I just wanted to say that I really appreciated this comment. In particular, I think the first part is an excellent and well-phrased example of the “universal solvent” property of EA thinking that I think is both hugely valuable and quite emotionally challenging to many people in cases like this.
Thanks, and sorry for not responding to this earlier (was on vacation at the time). I really appreciated this and agree with willbradshaw’s comment below :).
I don’t have direct ideas for the stated goal, but some brainstorming on the purpose of why you are interested in Asian advocacy might be fruitful? If you are interested in things that help Asian diaspora have better lives, have a wildly flourishing future, etc, I’d bet that the same general (human-focused) cause areas that EAs are interested in (scientific advancement, reducing existential synthetic biology and AI risk, etc) are in expectation better for Asian people than Laaunch or the other orgs above.
If you want things that disproportionately benefit Asians (eg, because “I want to show support for Asians so I want to do basically the same thing I was planning to do anyway” is a bad look/ serve poorly as an honest loyalty signal), I’d probably look into ways to improve health and other outcomes in countries with a lot of Asians, or affect a lot of Asians. Plausible targets include outdoor pollution, smoking cessation, deworming, and lead poisoning. I’d also more speculatively suggest donating to reduce nuclear risk, since I think the majority of potential flashpoints for nuclear risk is in Asia.
If you want to donate to organizations that disproportionately benefit upper-middle class Asians in Western countries (because this is the relevant group of friends/collaborators/students/etc that you wish to express solidarity to), I’m pretty stuck on ideas, yeah. I think there’s a fairly high difficulty in finding charities in this space with any nontrivial and positive tangible outcome (even more so than normal for charity selection).
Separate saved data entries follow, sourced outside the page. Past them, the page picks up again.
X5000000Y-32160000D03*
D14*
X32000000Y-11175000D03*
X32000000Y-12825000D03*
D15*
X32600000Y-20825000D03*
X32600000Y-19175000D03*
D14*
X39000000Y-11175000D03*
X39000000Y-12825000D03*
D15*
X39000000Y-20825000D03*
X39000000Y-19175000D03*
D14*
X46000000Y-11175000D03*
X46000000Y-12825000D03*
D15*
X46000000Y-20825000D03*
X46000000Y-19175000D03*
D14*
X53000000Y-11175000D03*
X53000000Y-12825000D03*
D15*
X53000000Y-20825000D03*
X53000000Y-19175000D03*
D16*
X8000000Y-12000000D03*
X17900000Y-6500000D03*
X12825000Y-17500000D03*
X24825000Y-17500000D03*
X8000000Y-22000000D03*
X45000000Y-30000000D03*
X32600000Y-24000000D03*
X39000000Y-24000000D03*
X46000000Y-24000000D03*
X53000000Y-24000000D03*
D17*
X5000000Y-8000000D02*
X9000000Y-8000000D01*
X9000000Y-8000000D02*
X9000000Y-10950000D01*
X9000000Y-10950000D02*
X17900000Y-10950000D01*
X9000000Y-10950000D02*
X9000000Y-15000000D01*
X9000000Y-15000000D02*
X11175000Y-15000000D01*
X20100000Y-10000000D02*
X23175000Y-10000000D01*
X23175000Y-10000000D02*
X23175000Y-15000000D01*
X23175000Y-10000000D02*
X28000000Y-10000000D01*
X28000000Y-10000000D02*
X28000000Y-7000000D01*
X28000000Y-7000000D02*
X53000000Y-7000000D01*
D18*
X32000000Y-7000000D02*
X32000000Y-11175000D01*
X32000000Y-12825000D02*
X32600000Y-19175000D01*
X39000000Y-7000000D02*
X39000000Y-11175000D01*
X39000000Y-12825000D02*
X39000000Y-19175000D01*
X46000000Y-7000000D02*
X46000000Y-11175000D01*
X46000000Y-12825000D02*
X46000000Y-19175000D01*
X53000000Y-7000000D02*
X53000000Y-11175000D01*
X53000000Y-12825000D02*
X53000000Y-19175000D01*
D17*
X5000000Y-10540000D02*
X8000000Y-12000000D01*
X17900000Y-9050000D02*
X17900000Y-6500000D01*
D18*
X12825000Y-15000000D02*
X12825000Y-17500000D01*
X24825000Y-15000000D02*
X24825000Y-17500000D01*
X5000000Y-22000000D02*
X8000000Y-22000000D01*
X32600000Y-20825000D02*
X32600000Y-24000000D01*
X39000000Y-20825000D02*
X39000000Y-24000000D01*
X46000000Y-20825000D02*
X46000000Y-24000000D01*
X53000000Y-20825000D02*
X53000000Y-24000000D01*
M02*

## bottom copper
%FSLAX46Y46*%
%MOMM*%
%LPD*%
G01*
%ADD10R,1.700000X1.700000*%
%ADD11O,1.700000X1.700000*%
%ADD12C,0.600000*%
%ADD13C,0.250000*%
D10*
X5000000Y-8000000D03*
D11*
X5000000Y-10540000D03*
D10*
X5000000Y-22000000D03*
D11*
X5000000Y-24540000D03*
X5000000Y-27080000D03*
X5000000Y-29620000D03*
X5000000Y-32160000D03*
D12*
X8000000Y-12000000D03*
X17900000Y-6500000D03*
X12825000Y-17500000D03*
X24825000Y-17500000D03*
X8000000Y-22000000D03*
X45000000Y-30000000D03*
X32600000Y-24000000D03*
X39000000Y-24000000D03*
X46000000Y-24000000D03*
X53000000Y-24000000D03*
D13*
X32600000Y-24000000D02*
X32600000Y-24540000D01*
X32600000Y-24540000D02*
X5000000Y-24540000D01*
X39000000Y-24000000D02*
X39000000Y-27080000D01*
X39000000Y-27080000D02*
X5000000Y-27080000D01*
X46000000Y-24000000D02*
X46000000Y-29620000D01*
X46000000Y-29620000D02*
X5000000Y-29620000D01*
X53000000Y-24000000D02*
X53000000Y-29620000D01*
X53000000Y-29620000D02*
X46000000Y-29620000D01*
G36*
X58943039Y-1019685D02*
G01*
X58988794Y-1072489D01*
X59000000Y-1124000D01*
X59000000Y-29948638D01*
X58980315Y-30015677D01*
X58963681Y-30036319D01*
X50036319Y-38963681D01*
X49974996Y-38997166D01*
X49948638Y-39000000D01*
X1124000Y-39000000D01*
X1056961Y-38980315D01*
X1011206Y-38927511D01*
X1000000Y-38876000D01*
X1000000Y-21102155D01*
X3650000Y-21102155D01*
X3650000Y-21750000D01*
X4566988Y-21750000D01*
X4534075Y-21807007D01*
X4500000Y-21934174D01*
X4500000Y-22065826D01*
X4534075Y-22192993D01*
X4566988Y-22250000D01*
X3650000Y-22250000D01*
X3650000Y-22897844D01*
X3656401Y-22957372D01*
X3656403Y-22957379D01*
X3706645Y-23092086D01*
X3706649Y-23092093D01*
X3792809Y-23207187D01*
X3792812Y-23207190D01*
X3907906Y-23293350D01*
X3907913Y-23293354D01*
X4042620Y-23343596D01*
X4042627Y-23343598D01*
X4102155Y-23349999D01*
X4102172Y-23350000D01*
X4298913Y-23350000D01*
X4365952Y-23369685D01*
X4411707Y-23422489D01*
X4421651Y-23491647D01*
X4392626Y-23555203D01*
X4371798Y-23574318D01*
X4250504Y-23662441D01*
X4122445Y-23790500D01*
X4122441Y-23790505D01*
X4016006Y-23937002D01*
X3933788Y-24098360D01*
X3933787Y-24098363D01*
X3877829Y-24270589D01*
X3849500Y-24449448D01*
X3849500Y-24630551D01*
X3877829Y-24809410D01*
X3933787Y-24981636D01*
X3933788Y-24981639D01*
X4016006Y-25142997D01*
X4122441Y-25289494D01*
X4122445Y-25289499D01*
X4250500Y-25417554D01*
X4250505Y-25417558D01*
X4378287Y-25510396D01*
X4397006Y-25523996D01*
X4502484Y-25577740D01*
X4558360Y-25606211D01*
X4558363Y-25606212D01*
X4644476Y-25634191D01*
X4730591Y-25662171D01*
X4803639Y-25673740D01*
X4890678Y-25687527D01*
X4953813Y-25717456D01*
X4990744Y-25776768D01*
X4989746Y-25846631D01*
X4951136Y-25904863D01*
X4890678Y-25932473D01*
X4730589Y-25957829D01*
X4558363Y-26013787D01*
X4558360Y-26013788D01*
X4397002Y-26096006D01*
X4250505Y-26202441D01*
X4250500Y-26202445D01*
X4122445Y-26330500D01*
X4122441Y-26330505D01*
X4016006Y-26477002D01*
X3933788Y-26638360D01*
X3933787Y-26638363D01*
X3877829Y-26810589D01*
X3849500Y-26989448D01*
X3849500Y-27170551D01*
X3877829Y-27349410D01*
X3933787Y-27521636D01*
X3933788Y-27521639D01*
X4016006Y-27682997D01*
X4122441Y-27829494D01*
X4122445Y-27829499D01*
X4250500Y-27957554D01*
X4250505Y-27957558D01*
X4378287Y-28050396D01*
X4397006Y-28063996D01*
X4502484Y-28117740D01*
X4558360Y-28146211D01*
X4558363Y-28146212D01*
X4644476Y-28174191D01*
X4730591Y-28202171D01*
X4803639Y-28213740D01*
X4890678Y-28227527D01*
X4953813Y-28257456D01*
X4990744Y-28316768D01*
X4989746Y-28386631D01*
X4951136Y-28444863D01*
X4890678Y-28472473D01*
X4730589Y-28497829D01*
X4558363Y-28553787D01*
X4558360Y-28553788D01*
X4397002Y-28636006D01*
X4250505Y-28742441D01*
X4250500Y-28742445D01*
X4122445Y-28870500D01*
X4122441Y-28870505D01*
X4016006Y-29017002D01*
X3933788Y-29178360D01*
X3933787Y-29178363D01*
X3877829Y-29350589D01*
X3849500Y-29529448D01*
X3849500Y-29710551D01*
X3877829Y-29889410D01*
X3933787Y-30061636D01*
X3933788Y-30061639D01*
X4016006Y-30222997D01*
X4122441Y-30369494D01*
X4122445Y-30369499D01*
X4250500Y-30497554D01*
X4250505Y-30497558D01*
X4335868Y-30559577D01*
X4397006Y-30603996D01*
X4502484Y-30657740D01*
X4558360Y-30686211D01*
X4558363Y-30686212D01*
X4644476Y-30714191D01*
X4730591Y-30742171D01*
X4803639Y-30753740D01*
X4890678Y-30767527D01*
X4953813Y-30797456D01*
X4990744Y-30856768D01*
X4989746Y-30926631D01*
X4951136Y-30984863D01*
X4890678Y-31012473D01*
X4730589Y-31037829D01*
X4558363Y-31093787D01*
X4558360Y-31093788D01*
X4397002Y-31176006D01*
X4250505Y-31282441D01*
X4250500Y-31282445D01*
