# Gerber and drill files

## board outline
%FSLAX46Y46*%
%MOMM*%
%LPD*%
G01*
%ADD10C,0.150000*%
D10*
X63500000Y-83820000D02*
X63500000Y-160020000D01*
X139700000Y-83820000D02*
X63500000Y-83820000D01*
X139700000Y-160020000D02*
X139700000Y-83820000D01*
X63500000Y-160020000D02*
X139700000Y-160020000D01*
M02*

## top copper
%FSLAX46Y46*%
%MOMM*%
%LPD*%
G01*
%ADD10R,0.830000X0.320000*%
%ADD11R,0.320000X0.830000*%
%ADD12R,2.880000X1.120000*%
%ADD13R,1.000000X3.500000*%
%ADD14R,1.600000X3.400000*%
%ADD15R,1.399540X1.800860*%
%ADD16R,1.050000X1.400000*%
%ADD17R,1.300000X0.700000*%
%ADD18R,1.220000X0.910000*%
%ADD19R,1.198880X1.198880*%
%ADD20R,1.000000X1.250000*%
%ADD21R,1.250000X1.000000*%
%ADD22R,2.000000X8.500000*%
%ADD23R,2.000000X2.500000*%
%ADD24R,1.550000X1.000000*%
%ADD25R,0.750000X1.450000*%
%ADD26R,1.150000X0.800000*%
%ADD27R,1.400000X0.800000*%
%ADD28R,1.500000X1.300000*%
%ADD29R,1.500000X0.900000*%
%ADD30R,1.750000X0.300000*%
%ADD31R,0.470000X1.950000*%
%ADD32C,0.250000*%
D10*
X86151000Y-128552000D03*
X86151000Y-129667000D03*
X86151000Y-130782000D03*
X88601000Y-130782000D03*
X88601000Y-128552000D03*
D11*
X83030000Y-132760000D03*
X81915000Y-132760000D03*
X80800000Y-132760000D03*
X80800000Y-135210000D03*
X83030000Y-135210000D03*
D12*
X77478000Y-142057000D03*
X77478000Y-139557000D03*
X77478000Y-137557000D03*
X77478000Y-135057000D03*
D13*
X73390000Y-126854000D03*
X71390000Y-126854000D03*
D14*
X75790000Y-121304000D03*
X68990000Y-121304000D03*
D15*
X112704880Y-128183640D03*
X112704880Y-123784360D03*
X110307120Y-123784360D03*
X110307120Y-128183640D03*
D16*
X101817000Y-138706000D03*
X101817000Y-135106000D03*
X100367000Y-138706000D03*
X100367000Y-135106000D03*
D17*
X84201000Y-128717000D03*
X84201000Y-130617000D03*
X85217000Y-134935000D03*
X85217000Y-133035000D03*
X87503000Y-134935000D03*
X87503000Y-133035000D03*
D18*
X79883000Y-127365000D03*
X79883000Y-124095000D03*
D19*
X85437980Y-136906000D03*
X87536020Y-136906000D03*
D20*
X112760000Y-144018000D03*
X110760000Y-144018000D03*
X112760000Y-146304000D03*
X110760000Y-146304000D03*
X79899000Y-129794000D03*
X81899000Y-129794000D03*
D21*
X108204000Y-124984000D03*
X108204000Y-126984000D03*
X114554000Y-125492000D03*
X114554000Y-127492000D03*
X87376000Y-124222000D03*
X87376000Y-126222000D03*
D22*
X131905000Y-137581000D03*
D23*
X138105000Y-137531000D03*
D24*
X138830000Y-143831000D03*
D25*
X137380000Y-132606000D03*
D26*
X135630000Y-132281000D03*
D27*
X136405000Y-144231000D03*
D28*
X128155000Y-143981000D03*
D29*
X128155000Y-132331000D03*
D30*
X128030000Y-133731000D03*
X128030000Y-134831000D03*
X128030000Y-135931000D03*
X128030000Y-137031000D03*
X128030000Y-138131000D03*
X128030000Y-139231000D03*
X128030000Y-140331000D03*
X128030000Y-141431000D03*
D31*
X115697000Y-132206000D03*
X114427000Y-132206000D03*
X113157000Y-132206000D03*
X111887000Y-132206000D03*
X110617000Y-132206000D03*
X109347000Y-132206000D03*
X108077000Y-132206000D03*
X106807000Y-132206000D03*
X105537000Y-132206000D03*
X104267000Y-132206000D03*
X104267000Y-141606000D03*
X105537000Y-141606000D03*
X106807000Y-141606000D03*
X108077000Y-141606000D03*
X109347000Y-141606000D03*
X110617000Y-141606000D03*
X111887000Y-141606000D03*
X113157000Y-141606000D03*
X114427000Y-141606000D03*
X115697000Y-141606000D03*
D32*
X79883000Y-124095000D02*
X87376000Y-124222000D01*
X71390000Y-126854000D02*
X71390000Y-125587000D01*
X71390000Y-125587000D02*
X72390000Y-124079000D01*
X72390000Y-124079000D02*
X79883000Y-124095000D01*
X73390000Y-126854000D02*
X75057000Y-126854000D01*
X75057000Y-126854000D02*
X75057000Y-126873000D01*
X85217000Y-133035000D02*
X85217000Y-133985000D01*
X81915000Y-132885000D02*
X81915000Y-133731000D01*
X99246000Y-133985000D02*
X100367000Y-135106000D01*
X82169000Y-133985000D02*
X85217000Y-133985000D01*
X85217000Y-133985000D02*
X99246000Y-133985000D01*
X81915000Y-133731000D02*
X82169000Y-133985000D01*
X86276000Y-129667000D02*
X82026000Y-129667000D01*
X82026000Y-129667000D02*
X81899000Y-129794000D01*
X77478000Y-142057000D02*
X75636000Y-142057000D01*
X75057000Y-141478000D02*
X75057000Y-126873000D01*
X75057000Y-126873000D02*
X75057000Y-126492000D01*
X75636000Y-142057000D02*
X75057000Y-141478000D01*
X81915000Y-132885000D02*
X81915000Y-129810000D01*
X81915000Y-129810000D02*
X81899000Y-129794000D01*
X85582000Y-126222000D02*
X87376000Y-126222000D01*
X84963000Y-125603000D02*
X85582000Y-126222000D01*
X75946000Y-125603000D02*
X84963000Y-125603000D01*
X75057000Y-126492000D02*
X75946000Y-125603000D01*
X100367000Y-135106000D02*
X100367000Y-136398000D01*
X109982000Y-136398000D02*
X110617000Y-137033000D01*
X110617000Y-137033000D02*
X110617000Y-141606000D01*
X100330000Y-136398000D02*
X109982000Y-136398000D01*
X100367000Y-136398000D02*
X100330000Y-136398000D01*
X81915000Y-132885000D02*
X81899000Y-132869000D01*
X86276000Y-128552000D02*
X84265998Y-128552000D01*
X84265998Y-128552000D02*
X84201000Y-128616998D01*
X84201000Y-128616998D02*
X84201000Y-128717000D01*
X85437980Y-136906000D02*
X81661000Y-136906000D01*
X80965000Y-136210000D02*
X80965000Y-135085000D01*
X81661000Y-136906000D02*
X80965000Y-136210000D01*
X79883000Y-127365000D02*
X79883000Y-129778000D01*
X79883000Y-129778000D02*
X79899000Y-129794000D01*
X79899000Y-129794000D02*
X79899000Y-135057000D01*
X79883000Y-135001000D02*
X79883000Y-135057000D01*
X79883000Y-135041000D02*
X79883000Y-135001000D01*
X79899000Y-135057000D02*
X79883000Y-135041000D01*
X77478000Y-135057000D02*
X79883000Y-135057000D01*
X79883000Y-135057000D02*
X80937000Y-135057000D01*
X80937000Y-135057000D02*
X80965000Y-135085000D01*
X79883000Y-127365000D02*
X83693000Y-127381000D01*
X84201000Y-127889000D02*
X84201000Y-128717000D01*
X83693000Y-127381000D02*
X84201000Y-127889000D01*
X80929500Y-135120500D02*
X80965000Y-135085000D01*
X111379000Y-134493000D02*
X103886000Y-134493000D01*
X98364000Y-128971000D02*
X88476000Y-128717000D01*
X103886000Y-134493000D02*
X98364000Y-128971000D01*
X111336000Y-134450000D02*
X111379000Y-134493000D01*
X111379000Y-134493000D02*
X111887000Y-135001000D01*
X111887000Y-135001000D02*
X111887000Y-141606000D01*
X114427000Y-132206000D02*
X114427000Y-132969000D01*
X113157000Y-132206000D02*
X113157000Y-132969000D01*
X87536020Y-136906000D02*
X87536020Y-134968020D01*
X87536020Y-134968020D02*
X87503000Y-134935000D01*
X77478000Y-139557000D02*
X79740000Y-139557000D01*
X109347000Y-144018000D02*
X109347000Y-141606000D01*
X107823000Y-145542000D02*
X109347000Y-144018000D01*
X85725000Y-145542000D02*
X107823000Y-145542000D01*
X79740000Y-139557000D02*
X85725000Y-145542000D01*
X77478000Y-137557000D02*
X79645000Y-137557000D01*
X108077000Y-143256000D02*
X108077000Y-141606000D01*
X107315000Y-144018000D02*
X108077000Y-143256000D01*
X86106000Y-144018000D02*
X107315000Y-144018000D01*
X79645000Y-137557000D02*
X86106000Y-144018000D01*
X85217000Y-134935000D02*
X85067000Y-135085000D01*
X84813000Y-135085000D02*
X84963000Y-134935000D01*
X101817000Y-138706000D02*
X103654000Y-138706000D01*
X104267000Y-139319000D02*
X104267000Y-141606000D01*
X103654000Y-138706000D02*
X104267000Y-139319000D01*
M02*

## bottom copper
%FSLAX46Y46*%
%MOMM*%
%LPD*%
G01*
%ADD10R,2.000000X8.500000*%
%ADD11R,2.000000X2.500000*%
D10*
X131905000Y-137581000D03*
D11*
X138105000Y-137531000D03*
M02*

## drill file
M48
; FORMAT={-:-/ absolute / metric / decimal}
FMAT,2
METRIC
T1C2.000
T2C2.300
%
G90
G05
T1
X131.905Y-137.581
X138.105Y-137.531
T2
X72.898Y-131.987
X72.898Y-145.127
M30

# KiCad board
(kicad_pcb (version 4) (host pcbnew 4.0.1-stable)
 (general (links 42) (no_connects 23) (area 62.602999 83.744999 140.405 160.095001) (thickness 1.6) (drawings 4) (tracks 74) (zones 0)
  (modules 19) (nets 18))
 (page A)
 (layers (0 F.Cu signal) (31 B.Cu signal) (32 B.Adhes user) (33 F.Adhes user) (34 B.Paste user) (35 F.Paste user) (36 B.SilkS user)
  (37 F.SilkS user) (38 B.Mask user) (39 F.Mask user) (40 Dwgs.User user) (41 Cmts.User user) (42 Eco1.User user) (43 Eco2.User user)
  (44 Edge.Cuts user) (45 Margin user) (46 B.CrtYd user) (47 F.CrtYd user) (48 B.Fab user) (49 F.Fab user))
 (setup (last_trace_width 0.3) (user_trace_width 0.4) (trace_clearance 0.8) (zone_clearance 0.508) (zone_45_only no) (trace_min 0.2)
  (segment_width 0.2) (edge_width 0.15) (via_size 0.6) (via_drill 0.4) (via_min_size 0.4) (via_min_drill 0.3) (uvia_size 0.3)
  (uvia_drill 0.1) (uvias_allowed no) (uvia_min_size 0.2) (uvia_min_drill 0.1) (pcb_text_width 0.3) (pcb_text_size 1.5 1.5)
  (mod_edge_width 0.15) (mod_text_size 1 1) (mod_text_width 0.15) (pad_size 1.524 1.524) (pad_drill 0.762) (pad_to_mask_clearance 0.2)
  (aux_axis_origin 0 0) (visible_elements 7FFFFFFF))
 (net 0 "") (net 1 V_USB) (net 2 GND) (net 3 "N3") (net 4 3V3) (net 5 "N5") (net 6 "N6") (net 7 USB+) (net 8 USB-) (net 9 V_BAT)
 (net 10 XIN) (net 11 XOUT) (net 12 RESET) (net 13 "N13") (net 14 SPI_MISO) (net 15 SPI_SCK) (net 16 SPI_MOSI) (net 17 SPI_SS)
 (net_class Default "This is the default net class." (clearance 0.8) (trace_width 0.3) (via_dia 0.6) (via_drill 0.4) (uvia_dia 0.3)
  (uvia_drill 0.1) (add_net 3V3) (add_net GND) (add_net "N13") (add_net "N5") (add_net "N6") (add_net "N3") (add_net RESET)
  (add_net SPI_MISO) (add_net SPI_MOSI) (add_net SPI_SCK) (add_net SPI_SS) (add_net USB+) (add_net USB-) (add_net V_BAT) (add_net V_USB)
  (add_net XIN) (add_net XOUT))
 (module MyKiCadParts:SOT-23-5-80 (layer F.Cu) (at 87.376 129.667)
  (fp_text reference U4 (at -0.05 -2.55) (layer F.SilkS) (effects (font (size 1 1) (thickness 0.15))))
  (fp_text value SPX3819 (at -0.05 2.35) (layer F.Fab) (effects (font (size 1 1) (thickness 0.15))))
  (pad 1 smd rect (at -1.225 -1.115) (size 0.83 0.32) (layers F.Cu F.Paste F.Mask) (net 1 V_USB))
  (pad 2 smd rect (at -1.225 0) (size 0.83 0.32) (layers F.Cu F.Paste F.Mask) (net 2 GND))
  (pad 3 smd rect (at -1.225 1.115) (size 0.83 0.32) (layers F.Cu F.Paste F.Mask) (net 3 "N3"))
  (pad 4 smd rect (at 1.225 1.115) (size 0.83 0.32) (layers F.Cu F.Paste F.Mask))
  (pad 5 smd rect (at 1.225 -1.115) (size 0.83 0.32) (layers F.Cu F.Paste F.Mask) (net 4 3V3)))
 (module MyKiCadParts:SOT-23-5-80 (layer F.Cu) (at 81.915 133.985 270)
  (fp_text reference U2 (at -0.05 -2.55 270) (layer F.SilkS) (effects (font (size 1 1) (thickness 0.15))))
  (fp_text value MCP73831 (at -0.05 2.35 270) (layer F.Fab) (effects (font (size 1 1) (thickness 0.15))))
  (pad 1 smd rect (at -1.225 -1.115 270) (size 0.83 0.32) (layers F.Cu F.Paste F.Mask) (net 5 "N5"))
  (pad 2 smd rect (at -1.225 0 270) (size 0.83 0.32) (layers F.Cu F.Paste F.Mask) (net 2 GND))
  (pad 3 smd rect (at -1.225 1.115 270) (size 0.83 0.32) (layers F.Cu F.Paste F.Mask))
  (pad 4 smd rect (at 1.225 1.115 270) (size 0.83 0.32) (layers F.Cu F.Paste F.Mask) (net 1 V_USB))
  (pad 5 smd rect (at 1.225 -1.115 270) (size 0.83 0.32) (layers F.Cu F.Paste F.Mask) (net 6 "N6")))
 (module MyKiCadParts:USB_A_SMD (layer F.Cu) (at 72.898 138.557 270)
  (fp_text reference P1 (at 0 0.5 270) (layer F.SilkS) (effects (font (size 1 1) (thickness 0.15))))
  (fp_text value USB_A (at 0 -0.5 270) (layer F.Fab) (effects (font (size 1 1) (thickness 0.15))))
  (pad "" np_thru_hole circle (at 6.57 0 270) (size 2.3 2.3) (drill 2.3) (layers *.Cu *.Mask F.SilkS))
  (pad 4 smd rect (at 3.5 -4.58 270) (size 1.12 2.88) (layers F.Cu F.Paste F.Mask) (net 2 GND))
  (pad 3 smd rect (at 1 -4.58 270) (size 1.12 2.88) (layers F.Cu F.Paste F.Mask) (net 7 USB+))
  (pad 2 smd rect (at -1 -4.58 270) (size 1.12 2.88) (layers F.Cu F.Paste F.Mask) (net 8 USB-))
  (pad 1 smd rect (at -3.5 -4.58 270) (size 1.12 2.88) (layers F.Cu F.Paste F.Mask) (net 1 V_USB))
  (pad "" np_thru_hole circle (at -6.57 0 270) (size 2.3 2.3) (drill 2.3) (layers *.Cu *.Mask F.SilkS)))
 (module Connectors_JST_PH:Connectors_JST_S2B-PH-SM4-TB (layer F.Cu) (at 72.39 124.079 180)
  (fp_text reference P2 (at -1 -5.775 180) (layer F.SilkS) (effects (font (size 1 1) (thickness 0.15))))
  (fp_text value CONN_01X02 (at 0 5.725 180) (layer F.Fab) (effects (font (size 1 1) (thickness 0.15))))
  (pad 1 smd rect (at -1 -2.775 180) (size 1 3.5) (layers F.Cu F.Paste F.Mask) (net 2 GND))
  (pad 2 smd rect (at 1 -2.775 180) (size 1 3.5) (layers F.Cu F.Paste F.Mask) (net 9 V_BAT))
  (pad "" smd rect (at -3.4 2.775 180) (size 1.6 3.4) (layers F.Cu F.Paste F.Mask))
  (pad "" smd rect (at 3.4 2.775 180) (size 1.6 3.4) (layers F.Cu F.Paste F.Mask)))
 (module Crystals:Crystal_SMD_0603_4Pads (layer F.Cu) (at 111.506 125.984 90)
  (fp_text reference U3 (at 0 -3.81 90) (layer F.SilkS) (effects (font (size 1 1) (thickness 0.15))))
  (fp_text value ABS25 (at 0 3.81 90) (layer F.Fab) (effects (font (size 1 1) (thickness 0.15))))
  (pad 1 smd rect (at -2.19964 1.19888 90) (size 1.80086 1.39954) (layers F.Cu F.Paste F.Mask) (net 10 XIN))
  (pad 2 smd rect (at 2.19964 1.19888 90) (size 1.80086 1.39954) (layers F.Cu F.Paste F.Mask))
Speaking personally, I do think the impact of racism on me is nonzero and negative. But almost all of the experiences of racism in my adult life looks less like explicit and obvious racial prejudice and more like statistical disparate impact, in both my corporate and social life. In no individual case would there be obvious racism, but collectively a (murky) picture is painted. Eg, I have to apply to X jobs to get offers I’m happy with, whereas I suspect my demographic twin of a different race only have to apply to ~Y jobs to get the same number of offers, visa approvals to the US are harder for Asians than for Europeans*, stuff like that. This is only my own anecdotal experience, but I suspect it generalizes well to East Asian people** who are likely to be your friends/coworkers/etc.
It seems pretty hard to meaningfully improve on the disparate impact stuff without a clear theory of change, and I don’t think there are obvious quick fixes (eg, I sure don’t want to work in any job that I have to sue to get!). I’d maybe weakly endorse a variation of Dale’s comment here and suggest organizations that lobby for greater standardization/legibility in admittance to universities and prestige jobs (under the assumption that illegibility and informal systems almost always disproportionately benefit people with power, and harms minorities). But I’m hesitant to recommend donating to any specific group that works on this without at least doing some due diligence on their theory of change.
Thinking farther afield, I’d also be interested in great power stuff and other things that mitigate potential future ethnic tensions.
* And people who are ethnically Asian are more likely to be from Asian countries than from European countries.
** I’m less sure about generalization to eg, West Asians because I can imagine a lot of anti-Arab and Anti-Israeli sentiment that’s more direct.
I just wanted to say that I really appreciated this comment. In particular, I think the first part is an excellent and well-phrased example of the “universal solvent” property of EA thinking that I think is both hugely valuable and quite emotionally challenging to many people in cases like this.